LITT. J.Chominski, Lexikon der polnischen Musiker (1964); S.Jarocinski (red.), Polish music (1965). FILM . Evenals in andere landen werd ook in Polen tegen het eind van de 19e eeuw geëxperimenteerd met een machine voor het vertonen van bewegende beelden; P.Lebiendski en K.Proszynski worden als uitvinders van de zgn. pleograaf genoemd. In 1902 vertoonde men te Warschau korte komedies en ca. 1911 ontstond een regelmatige filmproduktie. Een actrice uit deze jaren, Pola Negri, verkreeg grote vermaardheid. Belangrijk voor de Poolse film was de stichting in 1930 van Start door o.a. A.Ford, W.
Jakubowska en J.Toeplitz, met als doel: het opleiden van filmkader en het maken van sociaal nuttige films. De film van Ford Legion ulicy (1932; Het legioen van de straat) werd ook buiten Polen zeer geapprecieerd.
Tijdens de Tweede Wereldoorlog werd de produktie van films door de Duitse bezetter volledig stopgezet en werden de studio’s gesloten. Enige Poolse filmers stichtten in Londen de Polish Information Film, terwijl anderen onder leiding van Ford in Rusland de Film-avant-garde van het Poolse leger oprichtten.
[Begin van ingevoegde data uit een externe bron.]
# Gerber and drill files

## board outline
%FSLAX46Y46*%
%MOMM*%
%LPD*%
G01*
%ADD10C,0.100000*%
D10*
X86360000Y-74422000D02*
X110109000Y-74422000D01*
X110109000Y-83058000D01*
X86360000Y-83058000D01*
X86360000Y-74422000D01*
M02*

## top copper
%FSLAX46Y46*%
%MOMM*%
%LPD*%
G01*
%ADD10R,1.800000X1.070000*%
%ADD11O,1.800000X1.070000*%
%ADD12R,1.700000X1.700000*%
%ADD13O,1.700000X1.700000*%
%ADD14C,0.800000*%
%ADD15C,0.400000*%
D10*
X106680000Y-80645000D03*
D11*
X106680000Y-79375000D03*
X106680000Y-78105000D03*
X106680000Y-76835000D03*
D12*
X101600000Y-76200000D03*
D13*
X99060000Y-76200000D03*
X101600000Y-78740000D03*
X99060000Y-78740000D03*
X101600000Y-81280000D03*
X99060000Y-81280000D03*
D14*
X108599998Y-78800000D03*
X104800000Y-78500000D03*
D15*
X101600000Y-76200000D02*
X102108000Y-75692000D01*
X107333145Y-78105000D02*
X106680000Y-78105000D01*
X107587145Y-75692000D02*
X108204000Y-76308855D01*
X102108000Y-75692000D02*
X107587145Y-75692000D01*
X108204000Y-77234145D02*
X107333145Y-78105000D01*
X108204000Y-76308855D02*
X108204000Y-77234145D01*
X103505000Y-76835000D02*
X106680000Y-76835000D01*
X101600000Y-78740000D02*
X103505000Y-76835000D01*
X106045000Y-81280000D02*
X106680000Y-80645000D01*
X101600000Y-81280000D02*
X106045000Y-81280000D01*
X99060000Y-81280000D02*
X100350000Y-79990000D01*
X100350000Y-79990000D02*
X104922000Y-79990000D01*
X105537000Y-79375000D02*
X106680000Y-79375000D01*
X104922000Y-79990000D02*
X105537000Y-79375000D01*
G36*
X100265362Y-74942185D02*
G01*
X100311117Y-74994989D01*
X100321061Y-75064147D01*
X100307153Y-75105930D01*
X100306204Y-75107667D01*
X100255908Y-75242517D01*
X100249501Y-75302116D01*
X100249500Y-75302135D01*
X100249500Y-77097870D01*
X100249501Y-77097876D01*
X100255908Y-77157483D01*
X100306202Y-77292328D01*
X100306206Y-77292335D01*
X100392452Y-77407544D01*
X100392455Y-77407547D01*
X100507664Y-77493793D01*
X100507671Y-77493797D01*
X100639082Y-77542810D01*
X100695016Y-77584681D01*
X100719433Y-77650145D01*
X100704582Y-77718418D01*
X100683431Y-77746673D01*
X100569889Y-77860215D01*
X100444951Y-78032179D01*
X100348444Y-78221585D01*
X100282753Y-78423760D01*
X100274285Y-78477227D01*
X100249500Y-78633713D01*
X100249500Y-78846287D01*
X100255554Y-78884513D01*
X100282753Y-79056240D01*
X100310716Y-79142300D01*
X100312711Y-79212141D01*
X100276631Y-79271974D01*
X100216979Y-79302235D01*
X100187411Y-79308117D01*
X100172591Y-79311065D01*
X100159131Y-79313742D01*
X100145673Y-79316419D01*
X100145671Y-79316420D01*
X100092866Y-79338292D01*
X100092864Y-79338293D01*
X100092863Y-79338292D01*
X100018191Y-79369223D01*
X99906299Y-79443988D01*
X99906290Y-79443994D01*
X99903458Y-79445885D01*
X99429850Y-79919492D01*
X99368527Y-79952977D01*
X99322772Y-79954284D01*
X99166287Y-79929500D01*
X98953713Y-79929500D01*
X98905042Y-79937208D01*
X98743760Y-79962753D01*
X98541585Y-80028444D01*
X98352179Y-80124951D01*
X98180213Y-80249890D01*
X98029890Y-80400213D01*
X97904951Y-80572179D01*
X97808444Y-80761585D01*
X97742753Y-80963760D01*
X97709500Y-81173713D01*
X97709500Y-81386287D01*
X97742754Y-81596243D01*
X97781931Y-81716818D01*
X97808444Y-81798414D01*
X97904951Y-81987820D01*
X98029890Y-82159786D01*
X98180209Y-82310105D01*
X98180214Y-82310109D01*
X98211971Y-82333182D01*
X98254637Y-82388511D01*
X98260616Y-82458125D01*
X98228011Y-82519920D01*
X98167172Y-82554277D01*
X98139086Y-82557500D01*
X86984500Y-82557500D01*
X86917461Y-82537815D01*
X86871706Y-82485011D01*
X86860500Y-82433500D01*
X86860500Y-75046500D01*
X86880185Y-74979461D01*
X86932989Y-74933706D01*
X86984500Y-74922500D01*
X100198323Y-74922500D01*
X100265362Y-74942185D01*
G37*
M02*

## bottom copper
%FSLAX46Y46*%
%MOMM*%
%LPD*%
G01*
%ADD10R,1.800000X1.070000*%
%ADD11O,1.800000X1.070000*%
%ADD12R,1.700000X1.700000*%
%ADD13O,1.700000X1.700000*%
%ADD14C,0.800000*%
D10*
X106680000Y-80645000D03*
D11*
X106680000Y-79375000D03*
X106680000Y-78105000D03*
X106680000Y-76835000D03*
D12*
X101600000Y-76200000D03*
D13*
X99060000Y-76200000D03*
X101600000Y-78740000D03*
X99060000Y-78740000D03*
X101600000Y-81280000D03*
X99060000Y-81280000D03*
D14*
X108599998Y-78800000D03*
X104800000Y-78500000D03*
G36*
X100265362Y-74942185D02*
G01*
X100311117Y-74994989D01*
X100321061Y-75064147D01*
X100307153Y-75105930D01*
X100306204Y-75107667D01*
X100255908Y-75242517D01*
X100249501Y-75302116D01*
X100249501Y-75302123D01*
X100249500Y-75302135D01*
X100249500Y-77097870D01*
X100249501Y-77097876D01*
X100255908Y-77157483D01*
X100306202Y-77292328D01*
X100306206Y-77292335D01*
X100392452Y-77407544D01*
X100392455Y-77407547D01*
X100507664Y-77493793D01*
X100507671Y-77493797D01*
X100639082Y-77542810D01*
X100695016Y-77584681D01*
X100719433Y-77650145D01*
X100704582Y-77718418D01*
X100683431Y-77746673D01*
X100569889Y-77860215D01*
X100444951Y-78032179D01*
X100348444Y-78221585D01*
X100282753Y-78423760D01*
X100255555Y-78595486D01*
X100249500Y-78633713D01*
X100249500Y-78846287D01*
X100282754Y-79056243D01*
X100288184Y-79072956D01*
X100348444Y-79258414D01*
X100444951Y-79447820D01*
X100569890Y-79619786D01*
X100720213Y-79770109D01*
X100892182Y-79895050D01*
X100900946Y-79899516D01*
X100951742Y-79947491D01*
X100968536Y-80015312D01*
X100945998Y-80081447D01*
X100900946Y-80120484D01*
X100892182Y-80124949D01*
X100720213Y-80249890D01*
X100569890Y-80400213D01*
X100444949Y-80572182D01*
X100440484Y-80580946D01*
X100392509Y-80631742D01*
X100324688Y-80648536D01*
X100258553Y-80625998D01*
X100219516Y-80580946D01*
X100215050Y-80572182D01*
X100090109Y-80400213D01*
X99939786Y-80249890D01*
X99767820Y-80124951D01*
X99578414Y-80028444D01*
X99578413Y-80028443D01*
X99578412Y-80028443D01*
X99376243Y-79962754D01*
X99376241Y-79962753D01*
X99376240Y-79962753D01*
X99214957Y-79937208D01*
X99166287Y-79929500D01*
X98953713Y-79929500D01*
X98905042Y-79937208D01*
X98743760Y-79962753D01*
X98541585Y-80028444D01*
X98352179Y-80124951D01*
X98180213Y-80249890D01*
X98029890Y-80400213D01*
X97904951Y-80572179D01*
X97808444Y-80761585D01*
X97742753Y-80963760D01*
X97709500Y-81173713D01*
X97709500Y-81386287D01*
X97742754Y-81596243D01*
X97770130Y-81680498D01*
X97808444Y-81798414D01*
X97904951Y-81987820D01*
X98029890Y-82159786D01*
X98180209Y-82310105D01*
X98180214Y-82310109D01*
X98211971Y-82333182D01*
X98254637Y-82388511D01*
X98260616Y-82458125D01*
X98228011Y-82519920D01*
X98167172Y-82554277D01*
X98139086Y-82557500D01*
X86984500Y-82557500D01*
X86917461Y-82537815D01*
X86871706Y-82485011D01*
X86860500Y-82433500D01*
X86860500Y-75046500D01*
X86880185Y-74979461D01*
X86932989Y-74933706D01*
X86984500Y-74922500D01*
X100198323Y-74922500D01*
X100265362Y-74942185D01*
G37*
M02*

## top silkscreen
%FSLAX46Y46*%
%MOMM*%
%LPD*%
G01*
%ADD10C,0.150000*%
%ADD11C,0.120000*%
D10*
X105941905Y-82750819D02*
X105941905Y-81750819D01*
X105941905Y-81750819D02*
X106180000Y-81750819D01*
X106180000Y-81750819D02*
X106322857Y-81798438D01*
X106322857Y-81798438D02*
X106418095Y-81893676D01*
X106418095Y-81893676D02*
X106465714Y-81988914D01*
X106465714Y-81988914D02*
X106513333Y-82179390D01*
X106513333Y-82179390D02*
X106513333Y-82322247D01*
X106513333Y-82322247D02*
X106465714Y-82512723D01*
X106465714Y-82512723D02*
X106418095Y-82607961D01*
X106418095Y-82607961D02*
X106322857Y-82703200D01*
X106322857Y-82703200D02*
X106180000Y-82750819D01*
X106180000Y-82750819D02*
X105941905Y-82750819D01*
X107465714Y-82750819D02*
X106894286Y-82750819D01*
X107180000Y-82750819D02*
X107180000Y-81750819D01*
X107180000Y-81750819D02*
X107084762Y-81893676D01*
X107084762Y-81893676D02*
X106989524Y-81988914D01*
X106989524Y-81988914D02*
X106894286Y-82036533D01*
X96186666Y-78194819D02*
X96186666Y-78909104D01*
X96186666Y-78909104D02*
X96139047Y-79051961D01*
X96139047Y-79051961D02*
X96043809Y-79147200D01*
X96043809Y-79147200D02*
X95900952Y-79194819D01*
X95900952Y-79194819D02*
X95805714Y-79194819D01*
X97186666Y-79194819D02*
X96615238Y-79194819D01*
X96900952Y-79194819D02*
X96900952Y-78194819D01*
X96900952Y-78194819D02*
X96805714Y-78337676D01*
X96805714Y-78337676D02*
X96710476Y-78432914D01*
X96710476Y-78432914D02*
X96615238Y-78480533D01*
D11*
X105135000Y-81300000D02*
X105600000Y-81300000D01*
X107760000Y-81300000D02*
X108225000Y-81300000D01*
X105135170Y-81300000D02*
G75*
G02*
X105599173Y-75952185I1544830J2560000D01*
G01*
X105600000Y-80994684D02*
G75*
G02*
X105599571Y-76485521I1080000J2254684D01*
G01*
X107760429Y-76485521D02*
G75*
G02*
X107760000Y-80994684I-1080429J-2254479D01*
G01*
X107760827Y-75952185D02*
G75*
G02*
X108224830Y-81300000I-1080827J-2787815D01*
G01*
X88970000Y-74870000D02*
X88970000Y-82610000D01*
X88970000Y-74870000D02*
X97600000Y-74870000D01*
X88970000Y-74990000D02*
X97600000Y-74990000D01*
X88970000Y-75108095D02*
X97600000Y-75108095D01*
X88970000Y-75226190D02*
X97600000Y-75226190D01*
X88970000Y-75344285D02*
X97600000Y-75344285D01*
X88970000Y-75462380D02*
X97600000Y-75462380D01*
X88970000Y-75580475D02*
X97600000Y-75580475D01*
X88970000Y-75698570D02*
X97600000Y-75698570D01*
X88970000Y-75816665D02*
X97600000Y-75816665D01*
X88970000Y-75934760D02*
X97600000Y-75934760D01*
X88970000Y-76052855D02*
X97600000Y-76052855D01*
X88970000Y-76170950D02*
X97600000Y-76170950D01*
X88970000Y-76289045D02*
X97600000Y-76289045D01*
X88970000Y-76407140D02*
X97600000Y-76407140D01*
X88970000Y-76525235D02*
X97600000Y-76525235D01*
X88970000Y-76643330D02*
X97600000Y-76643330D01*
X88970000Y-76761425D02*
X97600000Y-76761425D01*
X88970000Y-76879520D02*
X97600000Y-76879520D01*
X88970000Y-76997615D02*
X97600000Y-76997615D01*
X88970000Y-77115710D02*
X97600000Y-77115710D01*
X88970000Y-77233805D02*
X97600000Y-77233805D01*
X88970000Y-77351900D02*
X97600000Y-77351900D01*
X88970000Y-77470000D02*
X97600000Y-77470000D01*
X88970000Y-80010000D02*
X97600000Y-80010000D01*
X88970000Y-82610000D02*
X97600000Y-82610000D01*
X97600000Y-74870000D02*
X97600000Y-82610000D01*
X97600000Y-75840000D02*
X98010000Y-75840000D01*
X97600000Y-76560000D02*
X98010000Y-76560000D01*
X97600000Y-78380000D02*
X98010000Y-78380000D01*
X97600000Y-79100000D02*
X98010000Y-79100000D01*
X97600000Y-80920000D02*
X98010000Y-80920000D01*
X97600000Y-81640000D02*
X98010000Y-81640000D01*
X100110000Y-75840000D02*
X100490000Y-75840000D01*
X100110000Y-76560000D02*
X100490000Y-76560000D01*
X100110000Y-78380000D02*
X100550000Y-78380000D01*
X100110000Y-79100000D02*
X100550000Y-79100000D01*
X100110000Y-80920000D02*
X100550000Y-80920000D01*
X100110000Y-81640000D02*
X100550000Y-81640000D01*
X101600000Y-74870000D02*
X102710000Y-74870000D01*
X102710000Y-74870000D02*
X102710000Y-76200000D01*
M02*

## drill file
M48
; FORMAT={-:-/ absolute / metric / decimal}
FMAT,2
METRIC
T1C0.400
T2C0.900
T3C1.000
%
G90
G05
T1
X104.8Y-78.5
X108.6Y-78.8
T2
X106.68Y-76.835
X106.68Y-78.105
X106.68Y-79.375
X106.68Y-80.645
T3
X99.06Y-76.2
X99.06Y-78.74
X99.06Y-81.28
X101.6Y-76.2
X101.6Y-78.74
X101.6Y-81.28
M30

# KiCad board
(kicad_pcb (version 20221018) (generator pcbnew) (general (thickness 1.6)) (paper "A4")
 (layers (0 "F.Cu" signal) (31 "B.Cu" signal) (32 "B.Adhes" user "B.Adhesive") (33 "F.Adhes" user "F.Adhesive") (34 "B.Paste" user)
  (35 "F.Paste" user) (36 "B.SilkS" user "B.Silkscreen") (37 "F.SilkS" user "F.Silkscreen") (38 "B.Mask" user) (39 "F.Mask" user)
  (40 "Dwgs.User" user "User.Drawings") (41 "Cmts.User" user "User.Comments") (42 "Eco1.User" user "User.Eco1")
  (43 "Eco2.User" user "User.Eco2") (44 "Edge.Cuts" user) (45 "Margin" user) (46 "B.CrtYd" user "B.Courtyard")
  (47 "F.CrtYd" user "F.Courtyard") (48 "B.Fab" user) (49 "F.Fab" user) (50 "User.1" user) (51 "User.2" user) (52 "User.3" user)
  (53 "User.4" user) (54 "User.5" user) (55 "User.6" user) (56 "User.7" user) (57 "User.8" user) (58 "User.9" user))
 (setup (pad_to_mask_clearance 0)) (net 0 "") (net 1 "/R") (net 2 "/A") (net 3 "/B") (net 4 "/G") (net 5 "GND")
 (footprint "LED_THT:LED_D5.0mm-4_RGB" (layer "F.Cu") (at 106.68 80.645 90)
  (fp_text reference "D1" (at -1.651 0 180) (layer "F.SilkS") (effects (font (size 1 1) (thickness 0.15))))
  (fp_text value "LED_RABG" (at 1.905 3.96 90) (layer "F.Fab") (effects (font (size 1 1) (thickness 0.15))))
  (fp_line (start -0.655 -1.545) (end -0.655 -1.08) (stroke (width 0.12) (type solid)) (layer "F.SilkS"))
  (fp_line (start -0.655 1.08) (end -0.655 1.545) (stroke (width 0.12) (type solid)) (layer "F.SilkS"))
  (fp_arc (start -0.655 -1.54483) (mid 2.163456 -2.978809) (end 4.692815 -1.080827) (stroke (width 0.12) (type solid)) (layer "F.SilkS"))
  (fp_arc (start -0.349684 -1.08) (mid 1.904762 -2.5) (end 4.159479 -1.080429) (stroke (width 0.12) (type solid)) (layer "F.SilkS"))
  (fp_arc (start 4.159479 1.080429) (mid 1.904762 2.5) (end -0.349684 1.08) (stroke (width 0.12) (type solid)) (layer "F.SilkS"))
  (fp_arc (start 4.692815 1.080827) (mid 2.163456 2.978808) (end -0.655 1.54483) (stroke (width 0.12) (type solid)) (layer "F.SilkS"))
  (pad "1" thru_hole rect (at 0 0 90) (size 1.07 1.8) (drill 0.9) (layers "*.Cu" "*.Mask") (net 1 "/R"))
  (pad "2" thru_hole oval (at 1.27 0 90) (size 1.07 1.8) (drill 0.9) (layers "*.Cu" "*.Mask") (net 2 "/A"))
  (pad "3" thru_hole oval (at 2.54 0 90) (size 1.07 1.8) (drill 0.9) (layers "*.Cu" "*.Mask") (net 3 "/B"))
  (pad "4" thru_hole oval (at 3.81 0 90) (size 1.07 1.8) (drill 0.9) (layers "*.Cu" "*.Mask") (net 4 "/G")))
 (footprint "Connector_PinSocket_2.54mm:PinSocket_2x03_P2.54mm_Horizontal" (layer "F.Cu") (at 101.6 76.2)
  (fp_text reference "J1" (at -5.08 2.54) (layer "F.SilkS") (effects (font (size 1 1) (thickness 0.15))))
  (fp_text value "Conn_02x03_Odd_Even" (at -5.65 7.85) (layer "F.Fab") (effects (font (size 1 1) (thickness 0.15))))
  (fp_line (start -12.63 -1.33) (end -12.63 6.41) (stroke (width 0.12) (type solid)) (layer "F.SilkS"))
  (fp_line (start -12.63 -1.33) (end -4 -1.33) (stroke (width 0.12) (type solid)) (layer "F.SilkS"))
Uit deze laatste groep ontstond na de oorlog een nieuwe speelfilmproduktie, die vooral de thema’s verzet en oorlog behandelde. Daar de sindsdien genationaliseerde filmindustrie, Film Polski, slechts volgens de partijlijn mocht produceren, waren succesvolle films nagenoeg uitgesloten. Slechts de film Piatka z ulicy Barskiej (1954; De vijf van de Barskastraat) van Ford wist te imponeren. Na de dood van Stalin en de machtsovername in Polen door Gomulka werd het filmbedrijf grondig gewijzigd.
De thema’s van de films werden meer sociaal gericht en ook de vorm kwam, vooral onder invloed van de filmschool te Łodz, op een hoger plan. Verscheidene jonge regisseurs kregen grote bekendheid, ook buiten Polen: o.a. A.Wajda, A. Munk, J.Has en J.Kawalerowicz. Vooral de films Pociag (1959; Nachttrein) en Matka Joanna od aniolow (1961; Moeder Johanna van de Engelen) van de laatstgenoemde hadden over de gehele wereld een groot succes. Ook de filmacteur Z.
Cybulski kreeg een wereldfaam. De filmproduktie steeg in deze jaren van bloei (1956—66) van zestien tot dertig films per jaar.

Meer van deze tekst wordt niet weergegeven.